# Records for this task
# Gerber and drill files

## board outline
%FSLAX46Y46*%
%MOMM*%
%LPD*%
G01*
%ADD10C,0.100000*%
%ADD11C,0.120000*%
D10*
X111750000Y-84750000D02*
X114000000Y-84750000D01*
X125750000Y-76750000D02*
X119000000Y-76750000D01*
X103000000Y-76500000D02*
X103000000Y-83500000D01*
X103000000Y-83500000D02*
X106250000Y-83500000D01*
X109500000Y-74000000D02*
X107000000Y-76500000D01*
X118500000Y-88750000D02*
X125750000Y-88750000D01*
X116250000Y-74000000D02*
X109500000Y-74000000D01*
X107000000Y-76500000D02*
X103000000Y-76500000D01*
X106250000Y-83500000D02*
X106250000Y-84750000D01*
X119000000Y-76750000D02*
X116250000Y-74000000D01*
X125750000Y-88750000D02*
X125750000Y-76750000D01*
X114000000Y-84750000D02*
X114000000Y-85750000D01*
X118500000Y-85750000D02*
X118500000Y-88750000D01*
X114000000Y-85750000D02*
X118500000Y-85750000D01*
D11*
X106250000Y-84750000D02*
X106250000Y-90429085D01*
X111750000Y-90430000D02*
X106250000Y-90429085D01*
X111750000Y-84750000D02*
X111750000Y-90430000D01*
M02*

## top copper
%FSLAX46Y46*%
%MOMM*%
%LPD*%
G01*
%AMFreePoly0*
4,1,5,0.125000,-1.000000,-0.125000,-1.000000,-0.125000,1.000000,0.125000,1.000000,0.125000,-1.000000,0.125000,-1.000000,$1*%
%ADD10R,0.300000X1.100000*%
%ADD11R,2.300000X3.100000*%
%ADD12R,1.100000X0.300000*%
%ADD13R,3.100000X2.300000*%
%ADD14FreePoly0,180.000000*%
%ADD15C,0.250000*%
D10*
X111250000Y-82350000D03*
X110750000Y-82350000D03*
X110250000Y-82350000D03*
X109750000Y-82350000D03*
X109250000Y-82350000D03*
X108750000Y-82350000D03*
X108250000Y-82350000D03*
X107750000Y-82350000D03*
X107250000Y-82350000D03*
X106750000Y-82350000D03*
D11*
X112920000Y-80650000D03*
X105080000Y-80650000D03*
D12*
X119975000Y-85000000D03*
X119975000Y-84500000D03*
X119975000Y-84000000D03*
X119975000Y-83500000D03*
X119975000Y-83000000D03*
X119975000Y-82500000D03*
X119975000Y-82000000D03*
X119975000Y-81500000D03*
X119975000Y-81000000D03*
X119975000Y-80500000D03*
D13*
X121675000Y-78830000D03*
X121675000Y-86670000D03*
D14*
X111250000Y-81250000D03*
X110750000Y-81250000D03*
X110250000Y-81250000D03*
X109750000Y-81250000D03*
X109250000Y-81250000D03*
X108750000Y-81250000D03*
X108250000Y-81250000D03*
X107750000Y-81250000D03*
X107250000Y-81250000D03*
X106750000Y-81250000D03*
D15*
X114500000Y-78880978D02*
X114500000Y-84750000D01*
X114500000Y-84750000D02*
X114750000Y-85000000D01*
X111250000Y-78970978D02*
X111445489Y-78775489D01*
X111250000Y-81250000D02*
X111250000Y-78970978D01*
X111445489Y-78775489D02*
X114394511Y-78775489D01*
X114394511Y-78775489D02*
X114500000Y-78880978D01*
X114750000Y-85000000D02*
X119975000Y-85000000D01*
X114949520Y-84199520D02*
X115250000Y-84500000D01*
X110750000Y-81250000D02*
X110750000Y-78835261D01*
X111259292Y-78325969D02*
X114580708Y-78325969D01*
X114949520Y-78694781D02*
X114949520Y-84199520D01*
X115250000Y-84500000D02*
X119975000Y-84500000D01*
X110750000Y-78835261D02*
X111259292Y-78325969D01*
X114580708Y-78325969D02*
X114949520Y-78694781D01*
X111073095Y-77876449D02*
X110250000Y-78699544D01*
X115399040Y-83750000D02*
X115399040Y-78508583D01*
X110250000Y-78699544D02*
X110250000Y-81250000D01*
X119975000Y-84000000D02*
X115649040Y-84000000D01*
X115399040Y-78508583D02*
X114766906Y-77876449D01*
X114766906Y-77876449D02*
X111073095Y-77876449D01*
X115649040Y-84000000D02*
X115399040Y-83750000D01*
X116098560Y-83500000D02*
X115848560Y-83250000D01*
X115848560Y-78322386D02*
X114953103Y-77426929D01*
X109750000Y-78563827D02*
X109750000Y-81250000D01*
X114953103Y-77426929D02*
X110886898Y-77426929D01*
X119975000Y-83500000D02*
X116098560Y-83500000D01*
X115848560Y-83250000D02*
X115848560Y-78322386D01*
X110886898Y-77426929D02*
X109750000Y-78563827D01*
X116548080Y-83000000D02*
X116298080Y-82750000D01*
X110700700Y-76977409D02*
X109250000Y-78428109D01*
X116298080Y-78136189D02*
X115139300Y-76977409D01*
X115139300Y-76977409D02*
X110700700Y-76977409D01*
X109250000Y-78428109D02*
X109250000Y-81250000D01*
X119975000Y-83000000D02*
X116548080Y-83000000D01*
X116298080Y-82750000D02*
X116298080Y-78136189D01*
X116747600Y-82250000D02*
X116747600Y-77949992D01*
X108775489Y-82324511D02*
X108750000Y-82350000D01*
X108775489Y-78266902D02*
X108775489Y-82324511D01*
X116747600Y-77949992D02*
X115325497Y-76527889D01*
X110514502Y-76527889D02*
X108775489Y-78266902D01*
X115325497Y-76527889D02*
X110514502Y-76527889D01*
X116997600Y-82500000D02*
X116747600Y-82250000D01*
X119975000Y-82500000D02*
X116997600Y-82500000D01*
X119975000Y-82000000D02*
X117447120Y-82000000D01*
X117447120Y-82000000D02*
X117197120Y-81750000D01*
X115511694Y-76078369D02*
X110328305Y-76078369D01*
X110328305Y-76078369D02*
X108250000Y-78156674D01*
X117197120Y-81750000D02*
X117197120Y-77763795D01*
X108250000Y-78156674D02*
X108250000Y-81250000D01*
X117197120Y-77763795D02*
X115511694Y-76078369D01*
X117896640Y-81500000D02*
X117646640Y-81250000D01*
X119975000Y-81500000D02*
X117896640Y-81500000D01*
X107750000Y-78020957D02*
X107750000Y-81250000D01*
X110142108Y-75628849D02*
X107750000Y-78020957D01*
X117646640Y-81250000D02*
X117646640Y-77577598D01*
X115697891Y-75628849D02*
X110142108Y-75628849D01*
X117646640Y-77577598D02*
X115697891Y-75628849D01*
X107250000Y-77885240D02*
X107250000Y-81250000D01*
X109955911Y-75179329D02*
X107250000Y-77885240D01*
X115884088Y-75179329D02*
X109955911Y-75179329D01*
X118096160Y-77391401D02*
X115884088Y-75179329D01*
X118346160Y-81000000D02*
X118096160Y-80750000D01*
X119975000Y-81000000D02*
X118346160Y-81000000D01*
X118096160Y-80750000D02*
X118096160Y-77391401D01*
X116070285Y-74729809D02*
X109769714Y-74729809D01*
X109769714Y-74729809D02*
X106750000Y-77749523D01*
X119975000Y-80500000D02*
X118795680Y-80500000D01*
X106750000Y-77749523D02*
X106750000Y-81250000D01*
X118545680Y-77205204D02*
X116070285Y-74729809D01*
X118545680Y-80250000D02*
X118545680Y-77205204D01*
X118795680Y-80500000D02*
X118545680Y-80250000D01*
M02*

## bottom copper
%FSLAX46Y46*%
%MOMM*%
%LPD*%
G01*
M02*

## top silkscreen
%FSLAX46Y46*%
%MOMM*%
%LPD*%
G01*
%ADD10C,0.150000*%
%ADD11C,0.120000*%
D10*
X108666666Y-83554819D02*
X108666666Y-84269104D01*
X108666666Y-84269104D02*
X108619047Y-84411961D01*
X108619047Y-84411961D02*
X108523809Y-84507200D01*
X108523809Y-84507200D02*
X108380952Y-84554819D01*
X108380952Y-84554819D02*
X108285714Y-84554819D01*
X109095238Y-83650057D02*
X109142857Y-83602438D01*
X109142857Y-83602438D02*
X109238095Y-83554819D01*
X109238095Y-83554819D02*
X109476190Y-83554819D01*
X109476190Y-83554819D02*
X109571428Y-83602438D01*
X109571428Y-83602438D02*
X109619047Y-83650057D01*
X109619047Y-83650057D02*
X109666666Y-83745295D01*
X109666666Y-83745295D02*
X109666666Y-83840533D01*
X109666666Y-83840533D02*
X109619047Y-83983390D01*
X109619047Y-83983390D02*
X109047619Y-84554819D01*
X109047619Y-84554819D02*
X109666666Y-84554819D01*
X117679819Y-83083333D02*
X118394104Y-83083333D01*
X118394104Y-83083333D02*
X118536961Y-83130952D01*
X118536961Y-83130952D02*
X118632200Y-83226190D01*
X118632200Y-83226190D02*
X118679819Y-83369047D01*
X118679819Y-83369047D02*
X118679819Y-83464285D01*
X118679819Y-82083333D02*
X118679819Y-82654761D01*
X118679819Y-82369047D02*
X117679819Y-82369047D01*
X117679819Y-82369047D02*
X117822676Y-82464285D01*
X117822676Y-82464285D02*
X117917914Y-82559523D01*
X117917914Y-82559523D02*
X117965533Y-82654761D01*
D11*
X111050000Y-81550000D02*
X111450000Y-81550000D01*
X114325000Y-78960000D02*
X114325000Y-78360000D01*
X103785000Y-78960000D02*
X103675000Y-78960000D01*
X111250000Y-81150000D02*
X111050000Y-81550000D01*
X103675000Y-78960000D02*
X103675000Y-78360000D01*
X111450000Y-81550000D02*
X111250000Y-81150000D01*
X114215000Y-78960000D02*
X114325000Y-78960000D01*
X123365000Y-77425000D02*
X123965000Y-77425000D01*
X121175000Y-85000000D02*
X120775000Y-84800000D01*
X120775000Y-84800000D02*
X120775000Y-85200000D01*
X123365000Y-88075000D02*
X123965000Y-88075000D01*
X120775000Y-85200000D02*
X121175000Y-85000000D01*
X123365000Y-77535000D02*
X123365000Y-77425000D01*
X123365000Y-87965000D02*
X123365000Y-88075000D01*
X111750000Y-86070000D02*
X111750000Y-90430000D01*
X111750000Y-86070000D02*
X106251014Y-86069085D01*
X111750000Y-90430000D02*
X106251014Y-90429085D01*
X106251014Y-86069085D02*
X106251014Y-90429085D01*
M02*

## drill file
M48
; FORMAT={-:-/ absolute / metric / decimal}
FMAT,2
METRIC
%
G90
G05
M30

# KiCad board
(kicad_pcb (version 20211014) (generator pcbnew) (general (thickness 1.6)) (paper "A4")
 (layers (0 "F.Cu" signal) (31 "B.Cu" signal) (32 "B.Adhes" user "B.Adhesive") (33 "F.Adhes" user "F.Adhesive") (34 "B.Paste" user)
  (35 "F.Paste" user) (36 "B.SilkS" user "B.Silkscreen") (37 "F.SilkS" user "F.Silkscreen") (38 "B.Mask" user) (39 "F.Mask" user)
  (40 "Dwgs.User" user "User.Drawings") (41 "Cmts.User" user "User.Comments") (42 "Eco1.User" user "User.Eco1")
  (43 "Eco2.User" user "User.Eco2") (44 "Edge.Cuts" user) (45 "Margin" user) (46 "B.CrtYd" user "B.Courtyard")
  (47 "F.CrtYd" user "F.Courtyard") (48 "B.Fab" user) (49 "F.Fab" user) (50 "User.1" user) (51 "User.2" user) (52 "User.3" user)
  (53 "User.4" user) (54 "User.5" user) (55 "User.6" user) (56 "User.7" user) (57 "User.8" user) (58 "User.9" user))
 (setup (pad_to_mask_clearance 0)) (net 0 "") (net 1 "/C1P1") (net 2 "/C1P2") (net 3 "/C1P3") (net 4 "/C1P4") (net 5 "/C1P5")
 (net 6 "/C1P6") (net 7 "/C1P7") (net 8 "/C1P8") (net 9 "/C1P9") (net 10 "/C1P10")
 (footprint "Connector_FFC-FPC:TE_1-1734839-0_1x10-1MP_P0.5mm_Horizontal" (layer "F.Cu") (at 109 81 180)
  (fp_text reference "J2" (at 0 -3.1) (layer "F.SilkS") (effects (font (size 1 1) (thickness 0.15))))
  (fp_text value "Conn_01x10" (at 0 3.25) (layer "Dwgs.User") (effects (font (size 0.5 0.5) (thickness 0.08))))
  (fp_line (start -2.05 -0.55) (end -2.45 -0.55) (layer "F.SilkS") (width 0.12))
  (fp_line (start -5.325 2.04) (end -5.325 2.64) (layer "F.SilkS") (width 0.12))
  (fp_line (start 5.215 2.04) (end 5.325 2.04) (layer "F.SilkS") (width 0.12))
  (fp_line (start -2.25 -0.15) (end -2.05 -0.55) (layer "F.SilkS") (width 0.12))
  (fp_line (start 5.325 2.04) (end 5.325 2.64) (layer "F.SilkS") (width 0.12))
  (fp_line (start -2.45 -0.55) (end -2.25 -0.15) (layer "F.SilkS") (width 0.12))
  (fp_line (start -5.215 2.04) (end -5.325 2.04) (layer "F.SilkS") (width 0.12))
  (pad "1" smd rect (at -2.25 -1.35 180) (size 0.3 1.1) (layers "F.Cu" "F.Paste" "F.Mask") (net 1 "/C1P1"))
  (pad "2" smd rect (at -1.75 -1.35 180) (size 0.3 1.1) (layers "F.Cu" "F.Paste" "F.Mask") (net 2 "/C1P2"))
  (pad "3" smd rect (at -1.25 -1.35 180) (size 0.3 1.1) (layers "F.Cu" "F.Paste" "F.Mask") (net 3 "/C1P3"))
  (pad "4" smd rect (at -0.75 -1.35 180) (size 0.3 1.1) (layers "F.Cu" "F.Paste" "F.Mask") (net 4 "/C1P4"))
  (pad "5" smd rect (at -0.25 -1.35 180) (size 0.3 1.1) (layers "F.Cu" "F.Paste" "F.Mask") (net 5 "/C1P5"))
  (pad "6" smd rect (at 0.25 -1.35 180) (size 0.3 1.1) (layers "F.Cu" "F.Paste" "F.Mask") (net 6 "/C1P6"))
  (pad "7" smd rect (at 0.75 -1.35 180) (size 0.3 1.1) (layers "F.Cu" "F.Paste" "F.Mask") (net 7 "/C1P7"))
  (pad "8" smd rect (at 1.25 -1.35 180) (size 0.3 1.1) (layers "F.Cu" "F.Paste" "F.Mask") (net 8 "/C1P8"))
  (pad "9" smd rect (at 1.75 -1.35 180) (size 0.3 1.1) (layers "F.Cu" "F.Paste" "F.Mask") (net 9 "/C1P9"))
  (pad "10" smd rect (at 2.25 -1.35 180) (size 0.3 1.1) (layers "F.Cu" "F.Paste" "F.Mask") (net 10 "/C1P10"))
  (pad "MP" smd rect (at -3.92 0.35 180) (size 2.3 3.1) (layers "F.Cu" "F.Paste" "F.Mask"))
  (pad "MP" smd rect (at 3.92 0.35 180) (size 2.3 3.1) (layers "F.Cu" "F.Paste" "F.Mask")))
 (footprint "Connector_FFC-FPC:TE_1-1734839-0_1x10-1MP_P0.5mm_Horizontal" (layer "F.Cu") (at 121.325 82.75 90)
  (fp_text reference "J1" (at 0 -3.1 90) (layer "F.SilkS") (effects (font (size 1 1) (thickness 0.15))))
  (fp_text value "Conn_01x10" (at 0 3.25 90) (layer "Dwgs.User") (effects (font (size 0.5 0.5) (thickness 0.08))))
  (fp_line (start 5.325 2.04) (end 5.325 2.64) (layer "F.SilkS") (width 0.12))
  (fp_line (start -2.25 -0.15) (end -2.05 -0.55) (layer "F.SilkS") (width 0.12))
  (fp_line (start -2.05 -0.55) (end -2.45 -0.55) (layer "F.SilkS") (width 0.12))
  (fp_line (start -5.325 2.04) (end -5.325 2.64) (layer "F.SilkS") (width 0.12))
  (fp_line (start -2.45 -0.55) (end -2.25 -0.15) (layer "F.SilkS") (width 0.12))
  (fp_line (start 5.215 2.04) (end 5.325 2.04) (layer "F.SilkS") (width 0.12))
  (fp_line (start -5.215 2.04) (end -5.325 2.04) (layer "F.SilkS") (width 0.12))
  (pad "1" smd rect (at -2.25 -1.35 90) (size 0.3 1.1) (layers "F.Cu" "F.Paste" "F.Mask") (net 1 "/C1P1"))
  (pad "2" smd rect (at -1.75 -1.35 90) (size 0.3 1.1) (layers "F.Cu" "F.Paste" "F.Mask") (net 2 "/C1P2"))
  (pad "3" smd rect (at -1.25 -1.35 90) (size 0.3 1.1) (layers "F.Cu" "F.Paste" "F.Mask") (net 3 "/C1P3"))
  (pad "4" smd rect (at -0.75 -1.35 90) (size 0.3 1.1) (layers "F.Cu" "F.Paste" "F.Mask") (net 4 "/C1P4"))
  (pad "5" smd rect (at -0.25 -1.35 90) (size 0.3 1.1) (layers "F.Cu" "F.Paste" "F.Mask") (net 5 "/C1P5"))
  (pad "6" smd rect (at 0.25 -1.35 90) (size 0.3 1.1) (layers "F.Cu" "F.Paste" "F.Mask") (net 6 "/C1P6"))
  (pad "7" smd rect (at 0.75 -1.35 90) (size 0.3 1.1) (layers "F.Cu" "F.Paste" "F.Mask") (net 7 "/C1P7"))
  (pad "8" smd rect (at 1.25 -1.35 90) (size 0.3 1.1) (layers "F.Cu" "F.Paste" "F.Mask") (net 8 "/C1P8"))
  (pad "9" smd rect (at 1.75 -1.35 90) (size 0.3 1.1) (layers "F.Cu" "F.Paste" "F.Mask") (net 9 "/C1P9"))
  (pad "10" smd rect (at 2.25 -1.35 90) (size 0.3 1.1) (layers "F.Cu" "F.Paste" "F.Mask") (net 10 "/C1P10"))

# Your goal
Scan the entries above and report the number of lines that contain the word "Courtyard", with no added text.

# Task response
2